RS: Yeah, and Eric Schmidt was a big backer of Hillary Clinton.

JT: Right. But now, he’s sucking up to Donald Trump in a way you cannot believe.

RS: I understand, but you know, my job here is also to provide a, play devil’s advocate, if you like.

JT: Sure.

RS: And I do think it’s a legitimate role. And one thing that hit me, you know, reading your book is that where are the good guys? And it can’t be all Citizens United and the Koch Brothers and these nasty libertarians, because Eric Schmidt talks a great liberal-democratic game also. And he was prominent, you know, as I said, at the democratic convention. And in your book, I learned that the real problem here is that Bill Clinton gave a great gift to these new monopolists. Because in one sense, readers should understand, we’ve always had—you can go read the classical economists; they always were against monopolies. It wasn’t just Adam Smith; Ricardo, all of them, OK. And it was always understood, capitalism could not survive if it could control politics, if there was no voice of dissent of small business and other people, regular people and so forth; it would be, they would go crazy, they’d eat everybody and destroy the system. And so we had had anti-trust; we’ve had laws about getting too big, we’ve had laws about restraint of trade, right? And we broke up the telephone companies, we broke up the steel, we broke up oil and so forth. You know, republicans and democrats have understood that what your book points out—and the book, Move Fast and Break Things: How Facebook, Google, and Amazon Cornered Culture and Undermined Democracy—you know, what you’re saying is actually the Internet companies have created, through effective PR, manipulation and, yes, the spending of money, a whole new world for themselves where they’re just good guys having fun, doing no harm, and somehow they’ve gotten government, or bought government, to go along with this canard, you know.
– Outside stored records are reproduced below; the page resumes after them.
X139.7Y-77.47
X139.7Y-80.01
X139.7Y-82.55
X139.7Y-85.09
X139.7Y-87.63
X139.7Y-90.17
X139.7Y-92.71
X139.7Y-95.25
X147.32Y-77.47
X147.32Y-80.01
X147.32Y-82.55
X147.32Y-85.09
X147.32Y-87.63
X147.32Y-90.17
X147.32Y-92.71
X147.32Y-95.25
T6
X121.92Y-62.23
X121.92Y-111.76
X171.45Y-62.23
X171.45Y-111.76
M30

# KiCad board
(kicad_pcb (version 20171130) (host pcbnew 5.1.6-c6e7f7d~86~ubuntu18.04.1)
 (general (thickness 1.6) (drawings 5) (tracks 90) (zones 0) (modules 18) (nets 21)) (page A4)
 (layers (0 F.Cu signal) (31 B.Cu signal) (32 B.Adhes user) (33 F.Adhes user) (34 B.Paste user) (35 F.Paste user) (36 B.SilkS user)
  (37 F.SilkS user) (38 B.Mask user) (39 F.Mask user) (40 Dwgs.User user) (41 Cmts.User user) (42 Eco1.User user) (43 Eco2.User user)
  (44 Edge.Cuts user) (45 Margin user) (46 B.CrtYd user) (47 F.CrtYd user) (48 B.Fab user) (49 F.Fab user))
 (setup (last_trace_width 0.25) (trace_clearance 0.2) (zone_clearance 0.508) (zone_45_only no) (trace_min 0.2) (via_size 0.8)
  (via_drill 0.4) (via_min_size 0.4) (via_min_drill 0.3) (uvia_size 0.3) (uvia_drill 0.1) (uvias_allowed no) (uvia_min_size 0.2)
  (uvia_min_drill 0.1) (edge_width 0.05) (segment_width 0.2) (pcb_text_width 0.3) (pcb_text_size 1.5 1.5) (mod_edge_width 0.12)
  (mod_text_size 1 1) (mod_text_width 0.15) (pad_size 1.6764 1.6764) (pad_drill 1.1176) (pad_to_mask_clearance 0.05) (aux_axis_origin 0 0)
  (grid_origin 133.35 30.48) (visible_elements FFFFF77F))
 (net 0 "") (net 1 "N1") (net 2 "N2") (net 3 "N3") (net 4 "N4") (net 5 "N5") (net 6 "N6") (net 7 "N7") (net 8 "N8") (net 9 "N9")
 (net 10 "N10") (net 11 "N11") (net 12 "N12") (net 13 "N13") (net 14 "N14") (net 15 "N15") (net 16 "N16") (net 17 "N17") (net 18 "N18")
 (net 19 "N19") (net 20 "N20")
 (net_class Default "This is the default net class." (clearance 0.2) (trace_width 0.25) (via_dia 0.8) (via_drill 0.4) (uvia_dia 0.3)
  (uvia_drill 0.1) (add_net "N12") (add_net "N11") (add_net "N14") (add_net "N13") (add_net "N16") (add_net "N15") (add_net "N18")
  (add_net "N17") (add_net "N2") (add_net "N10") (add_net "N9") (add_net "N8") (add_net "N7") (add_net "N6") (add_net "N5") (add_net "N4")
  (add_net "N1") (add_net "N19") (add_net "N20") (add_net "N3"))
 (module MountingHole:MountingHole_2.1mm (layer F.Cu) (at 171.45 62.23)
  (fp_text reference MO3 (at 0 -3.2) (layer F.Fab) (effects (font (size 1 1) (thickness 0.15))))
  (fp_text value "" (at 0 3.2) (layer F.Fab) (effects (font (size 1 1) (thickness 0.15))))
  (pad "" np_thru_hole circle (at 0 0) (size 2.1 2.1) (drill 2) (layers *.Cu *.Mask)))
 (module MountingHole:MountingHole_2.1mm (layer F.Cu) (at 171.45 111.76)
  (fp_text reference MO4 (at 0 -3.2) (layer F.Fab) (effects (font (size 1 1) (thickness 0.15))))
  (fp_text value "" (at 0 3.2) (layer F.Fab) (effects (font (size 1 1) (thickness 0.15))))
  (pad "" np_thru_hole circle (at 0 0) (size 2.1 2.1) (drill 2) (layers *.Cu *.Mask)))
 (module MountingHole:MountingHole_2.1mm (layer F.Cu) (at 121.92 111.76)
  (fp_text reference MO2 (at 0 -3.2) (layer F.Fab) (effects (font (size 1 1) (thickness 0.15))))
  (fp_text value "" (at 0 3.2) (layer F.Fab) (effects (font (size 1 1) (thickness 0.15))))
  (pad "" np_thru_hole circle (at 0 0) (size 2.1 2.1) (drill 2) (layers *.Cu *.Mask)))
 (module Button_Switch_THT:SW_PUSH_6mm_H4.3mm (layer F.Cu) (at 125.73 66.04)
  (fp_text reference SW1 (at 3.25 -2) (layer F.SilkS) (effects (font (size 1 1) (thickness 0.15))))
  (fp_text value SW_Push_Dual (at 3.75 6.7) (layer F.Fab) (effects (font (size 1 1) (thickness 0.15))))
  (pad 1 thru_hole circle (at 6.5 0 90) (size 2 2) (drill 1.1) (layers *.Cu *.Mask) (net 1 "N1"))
JT: Right. “Don’t be evil.” [Laughs]

RS: Don’t be evil, and the fact is, as you point out, they are treated differently than other corporations, right? Yes. And they’re treated differently, and you can tell us about the act that Bill Clinton signed off on, but also the act that Christopher Cox and [Ron] Wyden, the very liberal senator from Oregon who I respect enormously, but they coauthored an act. And basically what this has done, a gift–and Obama, as you say, supported it–said hey, these new high-tech companies, they’re different. And we have to work with them, why? Because they give us money or whatever, but they’re different. They’re not! They want what you would call renter’s income—they want that extra edge.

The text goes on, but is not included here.